Borro Paolo, Ziola Sebastiano, Pasta Andrea, Trombini Marco, Labanca Sara, Marenco Simona, Solarna David, Pisciotta Livia, Baldissarro Isabella, Picciotto Antonino, Dellepiane Silvana
Gastroenterology Unit, Department of Internal Medicine, IRCCS Ospedale Policlinico San Martino, University of Genoa, Genoa, Italy.
Gastroenterology Unit, Department of Internal Medicine, IRCCS Ospedale Policlinico San Martino, University of Genoa, Genoa, Italy.
Ultrasound Med Biol. 2021 Apr;47(4):947-959. doi: 10.1016/j.ultrasmedbio.2020.12.015. Epub 2021 Jan 13.

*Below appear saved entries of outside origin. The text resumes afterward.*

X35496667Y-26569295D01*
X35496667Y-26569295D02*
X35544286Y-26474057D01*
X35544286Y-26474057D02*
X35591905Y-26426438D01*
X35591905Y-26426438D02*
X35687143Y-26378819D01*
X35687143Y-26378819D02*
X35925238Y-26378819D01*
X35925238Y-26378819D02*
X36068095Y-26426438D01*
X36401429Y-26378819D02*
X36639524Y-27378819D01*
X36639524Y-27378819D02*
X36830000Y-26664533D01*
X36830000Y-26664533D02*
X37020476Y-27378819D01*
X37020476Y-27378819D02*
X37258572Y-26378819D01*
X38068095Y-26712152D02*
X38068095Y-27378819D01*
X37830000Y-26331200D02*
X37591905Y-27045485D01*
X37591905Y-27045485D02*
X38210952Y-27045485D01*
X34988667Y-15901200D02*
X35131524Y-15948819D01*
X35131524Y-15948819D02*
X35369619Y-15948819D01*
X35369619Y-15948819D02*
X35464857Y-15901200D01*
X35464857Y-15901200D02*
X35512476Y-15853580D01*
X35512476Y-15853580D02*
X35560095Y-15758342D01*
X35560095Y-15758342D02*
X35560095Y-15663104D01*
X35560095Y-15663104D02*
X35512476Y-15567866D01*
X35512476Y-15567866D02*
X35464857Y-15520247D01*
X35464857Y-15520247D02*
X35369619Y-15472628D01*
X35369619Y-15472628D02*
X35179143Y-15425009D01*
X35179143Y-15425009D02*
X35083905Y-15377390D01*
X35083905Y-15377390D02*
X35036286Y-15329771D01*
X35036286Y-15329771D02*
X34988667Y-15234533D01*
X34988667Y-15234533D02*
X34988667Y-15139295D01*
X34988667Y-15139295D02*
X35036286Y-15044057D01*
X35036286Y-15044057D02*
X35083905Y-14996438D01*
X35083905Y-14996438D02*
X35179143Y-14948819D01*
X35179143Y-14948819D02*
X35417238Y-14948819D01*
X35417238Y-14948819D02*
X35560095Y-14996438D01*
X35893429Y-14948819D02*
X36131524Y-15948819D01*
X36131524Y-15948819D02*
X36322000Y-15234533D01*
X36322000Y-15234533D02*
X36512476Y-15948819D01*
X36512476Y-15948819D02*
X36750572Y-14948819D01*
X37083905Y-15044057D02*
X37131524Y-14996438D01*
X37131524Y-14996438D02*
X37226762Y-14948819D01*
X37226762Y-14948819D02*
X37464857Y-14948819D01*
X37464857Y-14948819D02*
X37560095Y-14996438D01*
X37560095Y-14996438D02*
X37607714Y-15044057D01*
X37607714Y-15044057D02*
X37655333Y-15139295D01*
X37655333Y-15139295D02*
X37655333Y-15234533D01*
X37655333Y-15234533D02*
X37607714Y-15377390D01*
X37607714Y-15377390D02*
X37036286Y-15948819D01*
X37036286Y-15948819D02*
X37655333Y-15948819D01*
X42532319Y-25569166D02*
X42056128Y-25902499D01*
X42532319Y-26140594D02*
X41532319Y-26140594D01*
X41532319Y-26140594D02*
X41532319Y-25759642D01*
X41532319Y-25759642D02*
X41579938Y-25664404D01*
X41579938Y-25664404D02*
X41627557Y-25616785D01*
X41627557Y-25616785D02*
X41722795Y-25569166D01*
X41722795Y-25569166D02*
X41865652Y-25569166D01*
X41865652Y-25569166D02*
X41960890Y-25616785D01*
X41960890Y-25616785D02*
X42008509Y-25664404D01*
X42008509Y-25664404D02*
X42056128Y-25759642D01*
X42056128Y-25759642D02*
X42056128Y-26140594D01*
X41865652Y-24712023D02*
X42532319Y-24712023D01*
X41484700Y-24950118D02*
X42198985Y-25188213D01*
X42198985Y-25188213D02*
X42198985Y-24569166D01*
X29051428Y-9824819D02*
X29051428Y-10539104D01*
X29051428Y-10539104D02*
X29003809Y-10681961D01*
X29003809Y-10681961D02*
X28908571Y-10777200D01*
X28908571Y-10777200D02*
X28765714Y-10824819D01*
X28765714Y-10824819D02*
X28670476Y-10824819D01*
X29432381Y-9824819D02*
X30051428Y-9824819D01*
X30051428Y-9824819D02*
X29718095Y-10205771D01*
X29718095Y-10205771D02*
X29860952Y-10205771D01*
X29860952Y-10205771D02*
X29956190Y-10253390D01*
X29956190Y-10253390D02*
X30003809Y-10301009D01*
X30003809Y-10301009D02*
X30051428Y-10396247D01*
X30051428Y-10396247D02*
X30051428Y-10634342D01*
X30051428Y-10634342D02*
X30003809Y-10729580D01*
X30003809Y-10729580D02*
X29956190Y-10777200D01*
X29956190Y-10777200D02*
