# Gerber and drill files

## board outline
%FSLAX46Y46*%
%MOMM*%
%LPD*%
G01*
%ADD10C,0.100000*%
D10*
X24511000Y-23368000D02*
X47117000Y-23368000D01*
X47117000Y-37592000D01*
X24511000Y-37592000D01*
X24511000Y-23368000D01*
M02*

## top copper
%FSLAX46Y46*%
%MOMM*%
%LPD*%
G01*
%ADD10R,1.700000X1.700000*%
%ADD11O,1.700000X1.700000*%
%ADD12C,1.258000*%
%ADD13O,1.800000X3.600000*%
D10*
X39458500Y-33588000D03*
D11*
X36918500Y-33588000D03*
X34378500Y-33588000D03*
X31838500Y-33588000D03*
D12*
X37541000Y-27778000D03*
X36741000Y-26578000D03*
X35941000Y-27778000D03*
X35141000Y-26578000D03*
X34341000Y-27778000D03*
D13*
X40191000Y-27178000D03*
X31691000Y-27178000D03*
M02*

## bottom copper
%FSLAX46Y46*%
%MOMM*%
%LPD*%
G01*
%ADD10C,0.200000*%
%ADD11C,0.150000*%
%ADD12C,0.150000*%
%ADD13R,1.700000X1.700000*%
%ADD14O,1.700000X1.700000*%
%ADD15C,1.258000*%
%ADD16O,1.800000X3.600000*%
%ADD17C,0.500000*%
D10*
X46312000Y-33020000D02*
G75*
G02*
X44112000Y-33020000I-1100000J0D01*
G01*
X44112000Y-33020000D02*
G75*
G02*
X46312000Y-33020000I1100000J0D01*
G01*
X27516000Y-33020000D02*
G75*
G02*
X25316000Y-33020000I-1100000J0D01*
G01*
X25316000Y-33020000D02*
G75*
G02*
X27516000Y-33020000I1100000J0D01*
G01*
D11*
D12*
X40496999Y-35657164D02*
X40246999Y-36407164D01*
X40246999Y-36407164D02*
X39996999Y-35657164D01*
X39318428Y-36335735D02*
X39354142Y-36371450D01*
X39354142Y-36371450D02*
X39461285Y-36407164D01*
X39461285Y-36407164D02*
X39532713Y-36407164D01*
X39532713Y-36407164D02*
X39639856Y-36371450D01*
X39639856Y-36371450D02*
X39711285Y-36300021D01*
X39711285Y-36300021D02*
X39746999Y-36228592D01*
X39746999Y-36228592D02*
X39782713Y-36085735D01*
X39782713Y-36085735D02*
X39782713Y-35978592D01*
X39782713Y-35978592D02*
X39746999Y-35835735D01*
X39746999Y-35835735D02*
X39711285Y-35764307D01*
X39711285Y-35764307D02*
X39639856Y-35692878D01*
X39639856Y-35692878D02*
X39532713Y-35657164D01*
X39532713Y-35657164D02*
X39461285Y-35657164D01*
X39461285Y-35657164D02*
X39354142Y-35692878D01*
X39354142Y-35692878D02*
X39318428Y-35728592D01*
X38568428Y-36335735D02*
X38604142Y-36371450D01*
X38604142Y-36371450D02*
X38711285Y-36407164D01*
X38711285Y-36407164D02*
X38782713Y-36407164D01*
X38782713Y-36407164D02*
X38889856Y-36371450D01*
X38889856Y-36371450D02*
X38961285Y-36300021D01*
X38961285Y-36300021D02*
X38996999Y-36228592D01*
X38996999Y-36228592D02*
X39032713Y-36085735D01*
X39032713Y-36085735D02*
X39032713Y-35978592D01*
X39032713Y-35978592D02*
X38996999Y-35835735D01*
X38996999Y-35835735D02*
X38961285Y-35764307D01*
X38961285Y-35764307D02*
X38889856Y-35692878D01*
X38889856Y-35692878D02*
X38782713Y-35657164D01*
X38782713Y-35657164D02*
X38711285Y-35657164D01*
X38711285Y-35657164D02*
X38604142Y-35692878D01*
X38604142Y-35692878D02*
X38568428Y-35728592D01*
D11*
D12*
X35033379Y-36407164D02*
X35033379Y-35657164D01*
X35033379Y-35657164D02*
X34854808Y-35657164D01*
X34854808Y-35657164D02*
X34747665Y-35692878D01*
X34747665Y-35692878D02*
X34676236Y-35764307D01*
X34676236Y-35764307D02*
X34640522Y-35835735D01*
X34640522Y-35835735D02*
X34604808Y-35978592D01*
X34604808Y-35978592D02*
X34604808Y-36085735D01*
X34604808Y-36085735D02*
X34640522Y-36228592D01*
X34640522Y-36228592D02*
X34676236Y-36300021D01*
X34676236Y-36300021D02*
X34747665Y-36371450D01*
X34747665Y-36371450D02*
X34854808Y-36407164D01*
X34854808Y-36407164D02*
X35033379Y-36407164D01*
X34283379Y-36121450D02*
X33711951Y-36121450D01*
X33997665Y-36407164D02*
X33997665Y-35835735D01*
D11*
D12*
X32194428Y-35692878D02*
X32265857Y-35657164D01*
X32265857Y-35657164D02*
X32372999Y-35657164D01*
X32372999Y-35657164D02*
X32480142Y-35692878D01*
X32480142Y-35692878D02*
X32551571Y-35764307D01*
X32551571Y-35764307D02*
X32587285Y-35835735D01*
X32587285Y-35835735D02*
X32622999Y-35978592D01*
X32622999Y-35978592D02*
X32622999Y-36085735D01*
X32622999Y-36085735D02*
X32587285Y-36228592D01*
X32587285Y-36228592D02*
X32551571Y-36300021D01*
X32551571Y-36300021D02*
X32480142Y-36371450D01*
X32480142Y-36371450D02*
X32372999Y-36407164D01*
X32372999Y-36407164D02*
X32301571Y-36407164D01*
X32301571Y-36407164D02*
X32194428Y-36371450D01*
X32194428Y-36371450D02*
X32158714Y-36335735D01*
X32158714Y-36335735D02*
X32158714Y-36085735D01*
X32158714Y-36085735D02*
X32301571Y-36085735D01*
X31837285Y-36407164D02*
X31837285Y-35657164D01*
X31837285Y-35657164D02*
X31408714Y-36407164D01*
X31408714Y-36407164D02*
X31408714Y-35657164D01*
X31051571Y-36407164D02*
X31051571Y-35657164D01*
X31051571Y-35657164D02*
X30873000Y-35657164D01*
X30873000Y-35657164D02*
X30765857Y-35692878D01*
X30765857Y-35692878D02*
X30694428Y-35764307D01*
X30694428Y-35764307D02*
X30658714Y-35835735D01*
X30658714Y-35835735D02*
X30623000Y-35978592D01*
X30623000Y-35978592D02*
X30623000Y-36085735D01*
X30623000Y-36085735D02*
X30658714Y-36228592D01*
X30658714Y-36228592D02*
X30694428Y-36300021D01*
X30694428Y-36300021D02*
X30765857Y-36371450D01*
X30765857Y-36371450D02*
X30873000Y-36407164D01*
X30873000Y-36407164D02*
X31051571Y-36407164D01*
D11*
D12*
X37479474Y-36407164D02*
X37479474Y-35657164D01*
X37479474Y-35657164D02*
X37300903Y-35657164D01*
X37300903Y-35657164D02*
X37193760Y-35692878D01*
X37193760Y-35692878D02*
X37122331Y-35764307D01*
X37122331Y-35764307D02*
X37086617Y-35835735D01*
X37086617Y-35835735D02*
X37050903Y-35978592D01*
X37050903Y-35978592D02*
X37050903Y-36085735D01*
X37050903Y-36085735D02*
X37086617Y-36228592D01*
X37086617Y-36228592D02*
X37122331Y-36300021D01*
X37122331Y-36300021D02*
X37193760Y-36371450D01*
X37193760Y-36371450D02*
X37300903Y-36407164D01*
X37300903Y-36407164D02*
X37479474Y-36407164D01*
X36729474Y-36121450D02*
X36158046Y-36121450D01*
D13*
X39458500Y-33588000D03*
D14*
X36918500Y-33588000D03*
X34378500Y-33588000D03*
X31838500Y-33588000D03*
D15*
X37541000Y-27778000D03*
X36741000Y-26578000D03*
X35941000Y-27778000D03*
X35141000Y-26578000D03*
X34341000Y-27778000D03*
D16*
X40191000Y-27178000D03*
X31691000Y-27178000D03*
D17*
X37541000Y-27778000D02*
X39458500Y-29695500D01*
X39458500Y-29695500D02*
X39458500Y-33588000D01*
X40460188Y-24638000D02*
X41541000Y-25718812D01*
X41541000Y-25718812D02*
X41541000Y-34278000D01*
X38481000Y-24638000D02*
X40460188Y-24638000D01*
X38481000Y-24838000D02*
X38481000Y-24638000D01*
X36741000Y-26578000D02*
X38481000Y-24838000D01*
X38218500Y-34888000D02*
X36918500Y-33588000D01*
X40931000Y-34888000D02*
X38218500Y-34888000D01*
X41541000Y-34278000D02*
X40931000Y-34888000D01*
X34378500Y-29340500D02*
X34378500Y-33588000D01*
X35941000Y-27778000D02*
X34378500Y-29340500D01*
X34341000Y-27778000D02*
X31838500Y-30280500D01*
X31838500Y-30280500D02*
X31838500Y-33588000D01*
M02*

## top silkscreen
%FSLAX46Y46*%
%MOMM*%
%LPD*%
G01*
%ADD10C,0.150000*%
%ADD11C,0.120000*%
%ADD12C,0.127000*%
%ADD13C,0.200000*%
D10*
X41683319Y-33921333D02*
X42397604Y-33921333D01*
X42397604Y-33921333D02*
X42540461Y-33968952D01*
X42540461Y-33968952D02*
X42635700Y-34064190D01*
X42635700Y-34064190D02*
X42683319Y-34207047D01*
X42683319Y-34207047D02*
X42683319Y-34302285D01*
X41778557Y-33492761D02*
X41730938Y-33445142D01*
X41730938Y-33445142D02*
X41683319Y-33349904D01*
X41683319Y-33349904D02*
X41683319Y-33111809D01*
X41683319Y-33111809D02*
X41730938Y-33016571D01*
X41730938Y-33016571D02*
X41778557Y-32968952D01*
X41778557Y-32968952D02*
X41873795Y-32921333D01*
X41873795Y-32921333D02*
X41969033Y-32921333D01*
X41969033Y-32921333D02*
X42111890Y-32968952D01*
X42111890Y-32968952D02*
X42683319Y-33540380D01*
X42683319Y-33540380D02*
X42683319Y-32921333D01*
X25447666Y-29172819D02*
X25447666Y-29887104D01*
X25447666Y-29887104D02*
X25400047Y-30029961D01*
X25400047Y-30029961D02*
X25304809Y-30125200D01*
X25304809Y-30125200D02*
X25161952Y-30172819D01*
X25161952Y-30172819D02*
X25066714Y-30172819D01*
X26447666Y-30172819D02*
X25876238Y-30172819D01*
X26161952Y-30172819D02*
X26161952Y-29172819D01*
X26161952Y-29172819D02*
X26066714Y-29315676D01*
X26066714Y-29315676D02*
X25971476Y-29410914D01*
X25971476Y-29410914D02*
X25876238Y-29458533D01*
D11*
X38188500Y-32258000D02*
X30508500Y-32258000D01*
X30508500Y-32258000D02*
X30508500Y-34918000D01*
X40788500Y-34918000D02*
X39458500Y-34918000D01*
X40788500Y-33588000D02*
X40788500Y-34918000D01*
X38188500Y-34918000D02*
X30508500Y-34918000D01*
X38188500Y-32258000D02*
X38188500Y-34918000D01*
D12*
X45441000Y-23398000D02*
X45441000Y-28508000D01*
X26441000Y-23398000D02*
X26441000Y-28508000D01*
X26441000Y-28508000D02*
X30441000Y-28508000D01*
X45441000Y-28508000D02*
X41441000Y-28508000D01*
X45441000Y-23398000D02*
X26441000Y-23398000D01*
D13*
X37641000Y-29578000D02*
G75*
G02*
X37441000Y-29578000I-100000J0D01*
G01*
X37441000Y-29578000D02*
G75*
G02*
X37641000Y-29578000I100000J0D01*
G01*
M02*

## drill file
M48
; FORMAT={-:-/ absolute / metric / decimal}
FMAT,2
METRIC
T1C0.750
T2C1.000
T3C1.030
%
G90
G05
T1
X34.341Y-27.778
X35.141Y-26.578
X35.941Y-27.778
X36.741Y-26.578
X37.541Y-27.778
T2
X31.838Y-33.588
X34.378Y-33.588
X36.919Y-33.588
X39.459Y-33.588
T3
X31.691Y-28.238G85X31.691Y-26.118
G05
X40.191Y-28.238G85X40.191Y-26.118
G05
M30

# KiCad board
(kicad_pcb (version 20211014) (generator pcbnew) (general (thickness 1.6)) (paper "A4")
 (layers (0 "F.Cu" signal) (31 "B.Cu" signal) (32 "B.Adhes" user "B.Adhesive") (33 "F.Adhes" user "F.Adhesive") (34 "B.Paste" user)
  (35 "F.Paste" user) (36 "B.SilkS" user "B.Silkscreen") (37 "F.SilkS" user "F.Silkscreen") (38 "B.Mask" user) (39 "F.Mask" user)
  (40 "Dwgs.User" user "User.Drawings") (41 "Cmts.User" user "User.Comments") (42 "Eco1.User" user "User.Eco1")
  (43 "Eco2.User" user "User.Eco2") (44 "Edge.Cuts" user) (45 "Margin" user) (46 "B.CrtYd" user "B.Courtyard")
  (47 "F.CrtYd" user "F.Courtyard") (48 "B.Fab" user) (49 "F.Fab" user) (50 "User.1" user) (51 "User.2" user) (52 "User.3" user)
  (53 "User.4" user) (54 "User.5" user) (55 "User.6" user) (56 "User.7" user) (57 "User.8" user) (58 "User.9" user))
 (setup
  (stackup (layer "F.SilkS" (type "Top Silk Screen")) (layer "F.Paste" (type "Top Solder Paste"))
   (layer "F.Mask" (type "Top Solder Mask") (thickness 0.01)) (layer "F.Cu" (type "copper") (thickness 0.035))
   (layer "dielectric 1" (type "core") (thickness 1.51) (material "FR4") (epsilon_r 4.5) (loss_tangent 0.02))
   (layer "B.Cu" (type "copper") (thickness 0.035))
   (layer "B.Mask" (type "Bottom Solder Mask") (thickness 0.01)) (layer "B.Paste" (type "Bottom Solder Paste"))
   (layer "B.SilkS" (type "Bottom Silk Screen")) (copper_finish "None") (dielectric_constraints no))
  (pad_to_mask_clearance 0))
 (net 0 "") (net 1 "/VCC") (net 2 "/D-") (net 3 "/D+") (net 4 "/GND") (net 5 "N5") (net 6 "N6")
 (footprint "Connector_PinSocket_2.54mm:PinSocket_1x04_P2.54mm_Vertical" (layer "F.Cu") (at 39.4585 33.588 -90)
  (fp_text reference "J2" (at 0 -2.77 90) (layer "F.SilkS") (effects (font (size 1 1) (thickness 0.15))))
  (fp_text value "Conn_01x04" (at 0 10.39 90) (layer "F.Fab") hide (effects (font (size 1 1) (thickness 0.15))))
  (fp_line (start -1.33 1.27) (end -1.33 8.95) (layer "F.SilkS") (width 0.12))
  (fp_line (start -1.33 8.95) (end 1.33 8.95) (layer "F.SilkS") (width 0.12))
  (fp_line (start 1.33 -1.33) (end 1.33 0) (layer "F.SilkS") (width 0.12))
  (fp_line (start 0 -1.33) (end 1.33 -1.33) (layer "F.SilkS") (width 0.12))
  (fp_line (start 1.33 1.27) (end 1.33 8.95) (layer "F.SilkS") (width 0.12))
  (fp_line (start -1.33 1.27) (end 1.33 1.27) (layer "F.SilkS") (width 0.12))
  (pad "1" thru_hole rect (at 0 0 270) (size 1.7 1.7) (drill 1) (layers *.Cu *.Mask) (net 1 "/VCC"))
  (pad "2" thru_hole oval (at 0 2.54 270) (size 1.7 1.7) (drill 1) (layers *.Cu *.Mask) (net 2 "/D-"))
  (pad "3" thru_hole oval (at 0 5.08 270) (size 1.7 1.7) (drill 1) (layers *.Cu *.Mask) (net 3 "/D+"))
  (pad "4" thru_hole oval (at 0 7.62 270) (size 1.7 1.7) (drill 1) (layers *.Cu *.Mask) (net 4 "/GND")))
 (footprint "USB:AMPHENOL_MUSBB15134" (layer "F.Cu") (at 35.941 27.178 180)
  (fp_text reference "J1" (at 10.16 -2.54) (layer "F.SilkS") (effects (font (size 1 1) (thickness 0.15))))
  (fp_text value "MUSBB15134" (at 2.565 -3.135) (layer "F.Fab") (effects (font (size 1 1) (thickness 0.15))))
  (fp_line (start -9.5 3.78) (end -9.5 -1.33) (layer "F.SilkS") (width 0.127))
  (fp_line (start 9.5 3.78) (end 9.5 -1.33) (layer "F.SilkS") (width 0.127))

The aim of this study was to identify a method for staging hepatic fibrosis using a non-invasive, rapid and inexpensive technique based on ultrasound morphologic hepatic features. A total of 215 patients with different liver diseases underwent B-mode (2-D brightness mode) ultrasonography, vibration-controlled transient elastography, 2-D shear wave elastography and measurement of the controlled attenuation parameter with transient elastography. B-Mode images of the anterior margin of the left lobe were obtained and processed with automatic Genoa Line Quantification (GLQ) software based on a neural network for staging liver fibrosis. The accuracy of GLQ was 90.6% during model training and 78.9% in 38 different patients with concordant elastometric measures. Receiver operating characteristic curve analysis of GLQ performance using vibration-controlled transient elastography as a reference yielded areas under the curves of 0.851 for F ≥ F1, 0.793 for F ≥ F2, 0.784 for F ≥ F3 and 0.789 for F ≥ F4. GLQ has the potential to be a rapid, easy-to-perform and tolerable method in the staging of liver fibrosis.
本研究的目的是确定一种基于超声肝脏形态学特征的非侵入性、快速且廉价的肝纤维化分期方法。共有215例不同肝病患者接受了B型(二维亮度模式)超声检查、振动控制瞬时弹性成像、二维剪切波弹性成像以及使用瞬时弹性成像测量控制衰减参数。获取左叶前缘的B型图像,并使用基于神经网络的自动热那亚线量化(GLQ)软件进行处理,以对肝纤维化进行分期。在模型训练期间,GLQ的准确率为90.6%,在38例具有一致弹性测量结果的不同患者中为78.9%。以振动控制瞬时弹性成像为参考,对GLQ性能进行受试者操作特征曲线分析,F≥F1时曲线下面积为0.851,F≥F2时为0.793,F≥F3时为0.784,F≥F4时为0.789。GLQ有可能成为一种快速、易于操作且可耐受的肝纤维化分期方法。